A number of models attempt to explain the functional relationships of Hox genes. The functional equivalence model states that mammalian Hox-encoded proteins are largely functionally equivalent, and that Hox quantity is more important than Hox quality. In this report, we describe the results of two homeobox swaps. In one case, the homeobox of Hoxa 11 was replaced with that of the very closely related Hoxa 10. Developmental function was assayed by analyzing the phenotypes of all possible allele combinations, including the swapped allele, and null alleles for Hoxa 11 and Hoxd 11. This chimeric gene provided wild-type function in the development of the axial skeleton and male reproductive tract, but served as a hypomorph allele in the development of the appendicular skeleton, kidneys, and female reproductive tract. In the other case, the Hoxa 11 homeobox was replaced with that of the divergent Hoxa 4 gene. This chimeric gene provided near recessive null function in all tissues except the axial skeleton, which developed normally. These results demonstrate that even the most conserved regions of Hox genes, the homeoboxes, are not functionally interchangeable in the development of most tissues.
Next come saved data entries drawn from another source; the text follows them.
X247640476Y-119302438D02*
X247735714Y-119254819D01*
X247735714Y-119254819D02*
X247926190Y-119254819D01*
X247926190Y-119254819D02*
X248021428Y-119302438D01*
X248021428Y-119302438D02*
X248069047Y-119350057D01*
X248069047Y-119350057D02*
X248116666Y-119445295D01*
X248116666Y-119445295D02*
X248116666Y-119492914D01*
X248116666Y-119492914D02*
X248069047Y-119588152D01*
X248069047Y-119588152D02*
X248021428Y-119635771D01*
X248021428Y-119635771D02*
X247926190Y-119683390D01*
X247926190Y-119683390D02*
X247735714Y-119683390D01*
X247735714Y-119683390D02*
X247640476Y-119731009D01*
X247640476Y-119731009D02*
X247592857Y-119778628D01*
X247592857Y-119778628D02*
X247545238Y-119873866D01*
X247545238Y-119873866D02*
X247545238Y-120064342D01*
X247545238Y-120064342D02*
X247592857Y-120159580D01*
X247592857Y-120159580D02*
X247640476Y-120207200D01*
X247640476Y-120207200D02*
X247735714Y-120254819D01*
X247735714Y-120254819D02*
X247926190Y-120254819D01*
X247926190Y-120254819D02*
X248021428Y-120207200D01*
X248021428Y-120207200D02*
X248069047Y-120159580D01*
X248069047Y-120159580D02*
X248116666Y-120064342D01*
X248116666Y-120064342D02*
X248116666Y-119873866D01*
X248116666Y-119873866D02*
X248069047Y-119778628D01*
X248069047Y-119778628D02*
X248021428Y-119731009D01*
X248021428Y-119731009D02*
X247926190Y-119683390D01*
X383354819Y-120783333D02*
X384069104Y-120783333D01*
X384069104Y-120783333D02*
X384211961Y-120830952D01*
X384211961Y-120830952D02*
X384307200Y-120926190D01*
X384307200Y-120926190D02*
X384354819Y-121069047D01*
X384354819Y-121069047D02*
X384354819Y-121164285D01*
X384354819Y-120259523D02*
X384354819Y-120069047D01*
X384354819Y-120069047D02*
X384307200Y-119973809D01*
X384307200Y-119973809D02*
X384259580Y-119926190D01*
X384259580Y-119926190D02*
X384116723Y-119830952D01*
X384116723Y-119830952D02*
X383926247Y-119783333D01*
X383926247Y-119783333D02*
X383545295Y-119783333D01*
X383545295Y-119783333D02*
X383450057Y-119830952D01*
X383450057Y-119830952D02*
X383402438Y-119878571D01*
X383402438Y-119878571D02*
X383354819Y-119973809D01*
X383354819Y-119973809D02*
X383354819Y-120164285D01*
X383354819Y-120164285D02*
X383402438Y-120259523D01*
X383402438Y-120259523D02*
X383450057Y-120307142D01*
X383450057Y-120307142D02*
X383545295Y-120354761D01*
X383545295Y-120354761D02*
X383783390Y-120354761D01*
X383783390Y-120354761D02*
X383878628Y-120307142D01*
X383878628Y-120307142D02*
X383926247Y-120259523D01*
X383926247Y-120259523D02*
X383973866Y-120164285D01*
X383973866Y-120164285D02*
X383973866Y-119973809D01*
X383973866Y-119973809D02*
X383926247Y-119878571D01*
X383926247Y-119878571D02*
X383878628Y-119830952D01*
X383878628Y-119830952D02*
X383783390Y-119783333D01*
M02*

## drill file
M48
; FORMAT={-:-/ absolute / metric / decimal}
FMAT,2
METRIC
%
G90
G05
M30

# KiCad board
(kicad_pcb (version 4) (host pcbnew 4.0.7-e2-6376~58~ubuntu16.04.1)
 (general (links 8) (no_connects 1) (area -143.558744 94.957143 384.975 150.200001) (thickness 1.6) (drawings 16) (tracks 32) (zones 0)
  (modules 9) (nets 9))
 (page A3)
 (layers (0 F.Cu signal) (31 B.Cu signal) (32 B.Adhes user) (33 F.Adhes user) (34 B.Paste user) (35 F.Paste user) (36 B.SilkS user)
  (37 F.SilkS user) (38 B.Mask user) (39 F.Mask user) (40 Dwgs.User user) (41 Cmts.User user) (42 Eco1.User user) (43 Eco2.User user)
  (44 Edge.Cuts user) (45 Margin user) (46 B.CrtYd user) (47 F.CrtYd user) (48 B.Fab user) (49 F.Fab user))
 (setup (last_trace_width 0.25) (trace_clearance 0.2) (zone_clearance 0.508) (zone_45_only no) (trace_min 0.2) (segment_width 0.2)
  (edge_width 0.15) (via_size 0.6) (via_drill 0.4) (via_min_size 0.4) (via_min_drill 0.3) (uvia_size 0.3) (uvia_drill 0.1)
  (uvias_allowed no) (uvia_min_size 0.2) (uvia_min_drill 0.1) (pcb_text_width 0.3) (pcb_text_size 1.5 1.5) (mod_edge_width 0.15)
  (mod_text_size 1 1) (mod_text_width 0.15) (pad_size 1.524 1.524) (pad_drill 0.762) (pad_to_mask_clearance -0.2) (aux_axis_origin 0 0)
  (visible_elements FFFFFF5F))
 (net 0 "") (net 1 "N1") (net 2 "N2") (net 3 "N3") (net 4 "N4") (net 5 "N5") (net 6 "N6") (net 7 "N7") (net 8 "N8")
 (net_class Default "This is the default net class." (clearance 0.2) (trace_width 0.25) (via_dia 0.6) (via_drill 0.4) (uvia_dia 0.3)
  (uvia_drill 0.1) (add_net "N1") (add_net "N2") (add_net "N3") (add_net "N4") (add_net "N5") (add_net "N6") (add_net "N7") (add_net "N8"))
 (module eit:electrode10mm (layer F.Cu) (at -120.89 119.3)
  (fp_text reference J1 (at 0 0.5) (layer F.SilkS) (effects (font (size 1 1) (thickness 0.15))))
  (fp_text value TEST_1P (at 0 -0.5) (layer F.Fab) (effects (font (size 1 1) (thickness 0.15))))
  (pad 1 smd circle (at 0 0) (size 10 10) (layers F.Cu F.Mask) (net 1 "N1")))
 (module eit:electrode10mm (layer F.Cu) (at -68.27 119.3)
In some cases, developmental function tracked with the homeobox, as previously seen in simpler organisms. Homeoboxes with more 5' cluster positions were generally dominant over more 3' homeoboxes, consistent with phenotypic suppression seen in Drosophila. Surprisingly, however, all Hox homeoboxes tested did appear functionally equivalent in the formation of the axial skeleton. The determination of segment identity is one of the most evolutionarily ancient functions of Hox genes. It is interesting that Hox homeoboxes are interchangeable in this process, but are functionally distinct in other aspects of development.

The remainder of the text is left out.